DM is considered a potentially treatable disease. Systemic corticosteroids remain a mainstay in therapy. Oral prednisone at initial dose of 0.5–1 mg/kg/day should be given as initial therapy, followed by a slow progressive dose reduction not earlier than 6 weeks after the myositis has become inactive (clinically and enzymatically) [18]. In severe cases, intravenous methylprednisolone is the treatment option [19]. Some patients, however, do not respond to corticosteroids or develop serious side effects. In such cases, introduction of immunosuppressive agents is recommended.

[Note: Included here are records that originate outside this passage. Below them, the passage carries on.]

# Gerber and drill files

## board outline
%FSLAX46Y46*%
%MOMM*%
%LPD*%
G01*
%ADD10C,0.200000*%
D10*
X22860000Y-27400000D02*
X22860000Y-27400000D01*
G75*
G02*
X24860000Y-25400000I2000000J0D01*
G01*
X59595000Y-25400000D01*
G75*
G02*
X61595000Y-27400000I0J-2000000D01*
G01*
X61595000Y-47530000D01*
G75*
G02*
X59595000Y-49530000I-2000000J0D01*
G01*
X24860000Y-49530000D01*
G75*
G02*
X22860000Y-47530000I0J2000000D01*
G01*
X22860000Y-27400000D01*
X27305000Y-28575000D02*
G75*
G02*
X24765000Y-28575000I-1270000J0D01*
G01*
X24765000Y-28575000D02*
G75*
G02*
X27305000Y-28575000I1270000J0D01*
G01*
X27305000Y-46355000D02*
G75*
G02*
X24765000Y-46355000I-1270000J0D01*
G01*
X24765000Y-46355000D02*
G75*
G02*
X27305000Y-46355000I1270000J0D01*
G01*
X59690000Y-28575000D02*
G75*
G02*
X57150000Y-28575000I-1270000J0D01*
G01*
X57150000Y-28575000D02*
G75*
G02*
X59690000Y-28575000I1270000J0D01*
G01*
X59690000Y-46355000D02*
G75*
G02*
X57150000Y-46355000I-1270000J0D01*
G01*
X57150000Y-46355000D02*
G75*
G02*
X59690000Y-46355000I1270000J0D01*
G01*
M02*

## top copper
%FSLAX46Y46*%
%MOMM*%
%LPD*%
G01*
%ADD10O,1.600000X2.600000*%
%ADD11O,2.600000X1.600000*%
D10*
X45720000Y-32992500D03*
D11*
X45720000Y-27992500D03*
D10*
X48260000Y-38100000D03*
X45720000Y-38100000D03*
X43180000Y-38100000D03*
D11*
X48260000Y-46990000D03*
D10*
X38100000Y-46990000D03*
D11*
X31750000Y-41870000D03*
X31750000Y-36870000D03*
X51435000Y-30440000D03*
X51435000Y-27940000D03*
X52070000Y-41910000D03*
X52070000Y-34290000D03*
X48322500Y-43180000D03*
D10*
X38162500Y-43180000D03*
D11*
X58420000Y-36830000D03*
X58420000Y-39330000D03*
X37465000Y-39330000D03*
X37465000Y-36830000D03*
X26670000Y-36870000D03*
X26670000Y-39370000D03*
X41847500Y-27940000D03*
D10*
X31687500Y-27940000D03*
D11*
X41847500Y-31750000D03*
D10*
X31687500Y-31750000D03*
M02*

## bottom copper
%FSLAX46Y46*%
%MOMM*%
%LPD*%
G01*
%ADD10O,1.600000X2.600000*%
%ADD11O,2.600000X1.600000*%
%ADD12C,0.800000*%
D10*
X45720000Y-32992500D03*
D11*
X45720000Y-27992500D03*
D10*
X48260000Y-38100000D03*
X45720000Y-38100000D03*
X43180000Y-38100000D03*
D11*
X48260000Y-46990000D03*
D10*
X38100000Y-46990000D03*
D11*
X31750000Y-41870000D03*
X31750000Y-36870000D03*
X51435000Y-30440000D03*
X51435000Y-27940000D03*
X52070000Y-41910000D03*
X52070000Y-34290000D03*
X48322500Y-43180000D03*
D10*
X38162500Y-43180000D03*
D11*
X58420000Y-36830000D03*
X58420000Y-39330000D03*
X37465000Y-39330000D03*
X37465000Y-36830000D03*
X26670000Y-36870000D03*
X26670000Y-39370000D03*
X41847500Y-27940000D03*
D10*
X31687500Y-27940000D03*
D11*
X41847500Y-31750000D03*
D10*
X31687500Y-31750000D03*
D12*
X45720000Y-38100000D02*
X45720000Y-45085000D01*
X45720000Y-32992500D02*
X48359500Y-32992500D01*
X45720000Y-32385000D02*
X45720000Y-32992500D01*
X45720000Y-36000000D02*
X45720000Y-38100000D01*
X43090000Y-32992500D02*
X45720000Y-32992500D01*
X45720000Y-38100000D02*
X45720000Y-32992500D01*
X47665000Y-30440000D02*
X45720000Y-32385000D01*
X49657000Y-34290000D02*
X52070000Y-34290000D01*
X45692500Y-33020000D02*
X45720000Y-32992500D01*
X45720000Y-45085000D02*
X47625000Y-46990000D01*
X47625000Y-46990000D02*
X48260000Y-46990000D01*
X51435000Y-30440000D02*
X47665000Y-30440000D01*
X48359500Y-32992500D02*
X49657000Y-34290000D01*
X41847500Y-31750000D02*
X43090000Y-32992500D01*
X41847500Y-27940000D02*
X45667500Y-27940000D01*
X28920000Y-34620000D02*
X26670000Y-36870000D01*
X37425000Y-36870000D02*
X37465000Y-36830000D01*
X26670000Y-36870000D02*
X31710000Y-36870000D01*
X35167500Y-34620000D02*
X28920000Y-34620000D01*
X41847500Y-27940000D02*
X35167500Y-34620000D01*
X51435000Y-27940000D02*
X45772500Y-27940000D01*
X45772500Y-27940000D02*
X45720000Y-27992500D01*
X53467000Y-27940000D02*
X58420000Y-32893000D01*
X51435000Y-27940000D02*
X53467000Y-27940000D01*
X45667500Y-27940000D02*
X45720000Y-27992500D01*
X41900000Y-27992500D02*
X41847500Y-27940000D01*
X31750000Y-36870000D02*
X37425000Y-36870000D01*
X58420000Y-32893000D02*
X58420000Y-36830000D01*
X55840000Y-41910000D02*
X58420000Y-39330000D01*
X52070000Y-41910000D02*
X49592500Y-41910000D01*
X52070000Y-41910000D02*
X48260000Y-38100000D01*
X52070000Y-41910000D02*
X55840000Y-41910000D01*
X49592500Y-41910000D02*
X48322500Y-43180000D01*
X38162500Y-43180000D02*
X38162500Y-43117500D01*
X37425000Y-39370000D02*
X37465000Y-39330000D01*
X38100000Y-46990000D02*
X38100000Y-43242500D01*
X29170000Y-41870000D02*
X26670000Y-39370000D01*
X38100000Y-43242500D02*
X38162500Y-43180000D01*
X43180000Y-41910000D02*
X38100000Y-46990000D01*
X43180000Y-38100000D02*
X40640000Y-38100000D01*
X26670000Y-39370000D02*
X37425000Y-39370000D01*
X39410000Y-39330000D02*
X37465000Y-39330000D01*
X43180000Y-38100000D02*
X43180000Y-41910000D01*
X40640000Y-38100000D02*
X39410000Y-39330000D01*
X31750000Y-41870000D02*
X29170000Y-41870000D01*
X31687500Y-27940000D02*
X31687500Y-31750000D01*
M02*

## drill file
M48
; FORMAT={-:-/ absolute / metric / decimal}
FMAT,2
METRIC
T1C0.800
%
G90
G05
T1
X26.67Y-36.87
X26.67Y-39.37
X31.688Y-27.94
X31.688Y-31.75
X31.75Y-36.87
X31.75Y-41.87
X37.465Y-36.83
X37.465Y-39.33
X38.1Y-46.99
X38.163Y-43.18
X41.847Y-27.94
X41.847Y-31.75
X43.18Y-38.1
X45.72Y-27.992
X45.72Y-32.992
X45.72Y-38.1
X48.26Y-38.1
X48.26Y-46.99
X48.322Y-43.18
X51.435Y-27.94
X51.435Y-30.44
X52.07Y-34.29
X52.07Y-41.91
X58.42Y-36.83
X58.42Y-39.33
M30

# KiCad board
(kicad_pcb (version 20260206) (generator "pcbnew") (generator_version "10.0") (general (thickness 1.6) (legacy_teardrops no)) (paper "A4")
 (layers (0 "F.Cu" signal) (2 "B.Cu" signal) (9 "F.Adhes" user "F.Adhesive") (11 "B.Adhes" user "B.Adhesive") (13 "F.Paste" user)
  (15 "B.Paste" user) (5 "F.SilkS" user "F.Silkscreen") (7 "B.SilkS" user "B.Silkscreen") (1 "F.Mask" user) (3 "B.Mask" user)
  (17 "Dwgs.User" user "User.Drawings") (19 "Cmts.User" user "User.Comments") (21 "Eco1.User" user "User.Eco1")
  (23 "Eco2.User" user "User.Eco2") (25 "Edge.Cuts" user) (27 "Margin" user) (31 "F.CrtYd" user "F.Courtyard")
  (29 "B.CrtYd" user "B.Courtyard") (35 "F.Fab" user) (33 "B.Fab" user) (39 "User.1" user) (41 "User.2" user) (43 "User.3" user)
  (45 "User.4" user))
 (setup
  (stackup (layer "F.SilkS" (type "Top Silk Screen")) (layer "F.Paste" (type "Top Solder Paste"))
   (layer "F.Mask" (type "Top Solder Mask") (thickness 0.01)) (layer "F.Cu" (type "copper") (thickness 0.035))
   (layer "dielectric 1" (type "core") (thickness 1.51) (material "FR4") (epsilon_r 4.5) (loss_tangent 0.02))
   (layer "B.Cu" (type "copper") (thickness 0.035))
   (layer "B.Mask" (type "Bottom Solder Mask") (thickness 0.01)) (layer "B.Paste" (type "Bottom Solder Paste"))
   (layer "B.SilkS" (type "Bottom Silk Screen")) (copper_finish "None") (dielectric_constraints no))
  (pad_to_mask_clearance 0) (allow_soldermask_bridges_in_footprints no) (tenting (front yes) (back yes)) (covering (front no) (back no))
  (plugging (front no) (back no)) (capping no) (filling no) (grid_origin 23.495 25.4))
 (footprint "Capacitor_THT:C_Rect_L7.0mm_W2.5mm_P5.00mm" (layer "F.Cu") (at 45.72 32.9925 90)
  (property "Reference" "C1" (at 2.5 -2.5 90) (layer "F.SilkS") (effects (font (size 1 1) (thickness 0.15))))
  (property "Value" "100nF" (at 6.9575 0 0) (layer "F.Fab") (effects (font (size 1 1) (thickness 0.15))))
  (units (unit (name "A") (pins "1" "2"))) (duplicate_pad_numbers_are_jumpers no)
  (pad "1" thru_hole oval (at 0 0 180) (size 1.6 2.6) (drill 0.8) (layers "*.Cu" "*.Mask") (remove_unused_layers no) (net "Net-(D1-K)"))
  (pad "2" thru_hole oval (at 5 0 90) (size 1.6 2.6) (drill 0.8) (layers "*.Cu" "*.Mask") (remove_unused_layers no) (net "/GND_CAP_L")))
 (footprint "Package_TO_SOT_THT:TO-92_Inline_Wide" (layer "F.Cu") (at 48.26 38.1 180)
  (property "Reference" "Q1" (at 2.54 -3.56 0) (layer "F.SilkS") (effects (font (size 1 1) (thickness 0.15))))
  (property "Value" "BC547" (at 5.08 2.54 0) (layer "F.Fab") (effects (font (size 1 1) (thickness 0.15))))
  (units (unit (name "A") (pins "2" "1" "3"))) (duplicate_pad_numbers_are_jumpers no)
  (pad "1" thru_hole oval (at 0 0 180) (size 1.6 2.6) (drill 0.8) (layers "*.Cu" "*.Mask") (remove_unused_layers no) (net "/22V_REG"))
  (pad "2" thru_hole oval (at 2.54 0 180) (size 1.6 2.6) (drill 0.8) (layers "*.Cu" "*.Mask") (remove_unused_layers no) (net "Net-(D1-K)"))
  (pad "3" thru_hole oval (at 5.08 0 180) (size 1.6 2.6) (drill 0.8) (layers "*.Cu" "*.Mask") (remove_unused_layers no)
   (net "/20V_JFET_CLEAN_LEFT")))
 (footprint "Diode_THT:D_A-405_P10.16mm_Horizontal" (layer "F.Cu") (at 48.26 46.99 180)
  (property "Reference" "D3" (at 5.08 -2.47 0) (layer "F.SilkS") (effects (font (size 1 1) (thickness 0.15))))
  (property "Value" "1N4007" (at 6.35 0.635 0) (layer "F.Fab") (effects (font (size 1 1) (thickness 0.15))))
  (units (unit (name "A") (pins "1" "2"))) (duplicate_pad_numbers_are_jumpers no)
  (pad "1" thru_hole oval (at 0 0 270) (size 1.6 2.6) (drill 0.8) (layers "*.Cu" "*.Mask") (remove_unused_layers no) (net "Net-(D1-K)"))
  (pad "2" thru_hole oval (at 10.16 0 180) (size 1.6 2.6) (drill 0.8) (layers "*.Cu" "*.Mask") (remove_unused_layers no)
   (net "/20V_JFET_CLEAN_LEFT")))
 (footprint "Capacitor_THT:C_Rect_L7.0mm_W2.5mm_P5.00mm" (layer "F.Cu") (at 31.75 41.87 90)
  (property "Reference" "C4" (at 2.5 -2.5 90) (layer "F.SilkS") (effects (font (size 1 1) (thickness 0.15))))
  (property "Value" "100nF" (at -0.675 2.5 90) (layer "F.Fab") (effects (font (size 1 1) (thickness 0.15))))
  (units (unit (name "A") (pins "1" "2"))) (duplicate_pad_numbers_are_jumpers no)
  (pad "1" thru_hole oval (at 0 0 90) (size 1.6 2.6) (drill 0.8) (layers "*.Cu" "*.Mask") (remove_unused_layers no)
   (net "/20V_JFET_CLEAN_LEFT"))
  (pad "2" thru_hole oval (at 5 0 90) (size 1.6 2.6) (drill 0.8) (layers "*.Cu" "*.Mask") (remove_unused_layers no) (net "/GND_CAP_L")))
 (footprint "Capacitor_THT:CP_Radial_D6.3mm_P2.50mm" (layer "F.Cu") (at 51.435 30.44 90)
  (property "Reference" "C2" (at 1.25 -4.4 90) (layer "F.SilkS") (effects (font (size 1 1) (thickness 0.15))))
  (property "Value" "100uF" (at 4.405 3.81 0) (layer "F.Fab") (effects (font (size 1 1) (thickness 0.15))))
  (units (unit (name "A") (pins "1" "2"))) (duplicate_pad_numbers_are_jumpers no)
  (pad "1" thru_hole oval (at 0 0 90) (size 1.6 2.6) (drill 0.8) (layers "*.Cu" "*.Mask") (remove_unused_layers no) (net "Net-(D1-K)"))
  (pad "2" thru_hole oval (at 2.5 0 90) (size 1.6 2.6) (drill 0.8) (layers "*.Cu" "*.Mask") (remove_unused_layers no) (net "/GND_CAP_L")))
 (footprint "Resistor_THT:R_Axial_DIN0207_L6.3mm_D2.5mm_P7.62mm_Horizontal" (layer "F.Cu") (at 52.07 41.91 90)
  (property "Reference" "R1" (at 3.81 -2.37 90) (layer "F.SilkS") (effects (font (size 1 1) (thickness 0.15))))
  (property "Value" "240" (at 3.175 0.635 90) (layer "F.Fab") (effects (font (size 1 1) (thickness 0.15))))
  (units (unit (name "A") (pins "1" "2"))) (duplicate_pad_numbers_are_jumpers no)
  (pad "1" thru_hole oval (at 0 0 90) (size 1.6 2.6) (drill 0.8) (layers "*.Cu" "*.Mask") (remove_unused_layers no) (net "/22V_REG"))
  (pad "2" thru_hole oval (at 7.62 0 90) (size 1.6 2.6) (drill 0.8) (layers "*.Cu" "*.Mask") (remove_unused_layers no) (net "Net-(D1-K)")))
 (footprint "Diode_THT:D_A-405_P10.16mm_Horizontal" (layer "F.Cu") (at 48.3225 43.18 180)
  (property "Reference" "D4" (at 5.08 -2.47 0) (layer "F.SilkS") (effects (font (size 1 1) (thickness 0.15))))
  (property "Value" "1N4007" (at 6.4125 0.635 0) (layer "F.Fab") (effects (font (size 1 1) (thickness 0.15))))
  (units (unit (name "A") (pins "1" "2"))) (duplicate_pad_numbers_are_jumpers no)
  (pad "1" thru_hole oval (at 0 0 270) (size 1.6 2.6) (drill 0.8) (layers "*.Cu" "*.Mask") (remove_unused_layers no) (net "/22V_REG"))
  (pad "2" thru_hole oval (at 10.16 0 180) (size 1.6 2.6) (drill 0.8) (layers "*.Cu" "*.Mask") (remove_unused_layers no)
   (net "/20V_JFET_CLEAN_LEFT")))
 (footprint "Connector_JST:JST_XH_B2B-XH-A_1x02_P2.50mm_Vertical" (layer "F.Cu") (at 58.42 36.83 -90)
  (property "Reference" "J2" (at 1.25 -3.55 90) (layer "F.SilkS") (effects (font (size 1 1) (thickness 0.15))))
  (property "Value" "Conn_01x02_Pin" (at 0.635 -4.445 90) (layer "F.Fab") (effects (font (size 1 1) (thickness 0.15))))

The most widely used drugs include methotrexate, azathioprine, cyclophosphamide or cyclosporin A [3]. The surgical removal of the tumor or anti-cancer treatment may itself result in disappearance or reduction of the paraneoplastic symptoms [20]. Methylprednisolone pulse therapy seems to relieve dysphagia in DM patients [21]. This finding together with urgency to achieve a rapid response was the reason to choose the initial pulse corticotherapy. The symptoms of the disease were managed soon after making the diagnosis and the patient was ready to begin the anti-cancer treatment without undue delay.

Conclusions

DM can be the first symptom of previously undiagnosed malignancy. When confirming the diagnosis of DM, malignancy should always be excluded. The anti-TIF-1γ and anti-NXP-2 antibodies may play an essential role in rapid diagnosis of malignancy associated DM, especially in patients bearing several risk factors known to be associated with malignancy. Considering the fact that individuals with positivity of either of these antibodies are very frequently negative in other DM-specific and myositis-specific antibodies, their assessment within primary diagnostics might be beneficial to identify patients with otherwise negative antibodies.

Proper management of DM, including the use of intravenous corticosteroids, is essential to enable early cancer treatment. Maintenance corticosteroid therapy does not interfere with chemotherapy administration and can provide control of the rheumatic disease during cancer treatment.

Furthermore, we propose that anti-TIF-1γ antibodies might serve as a prognostic marker of worse clinical outcome in early breast cancer provided correlation between serum anti-TIF-1γ antibodies and TIF-1γ expression in the tumor is found.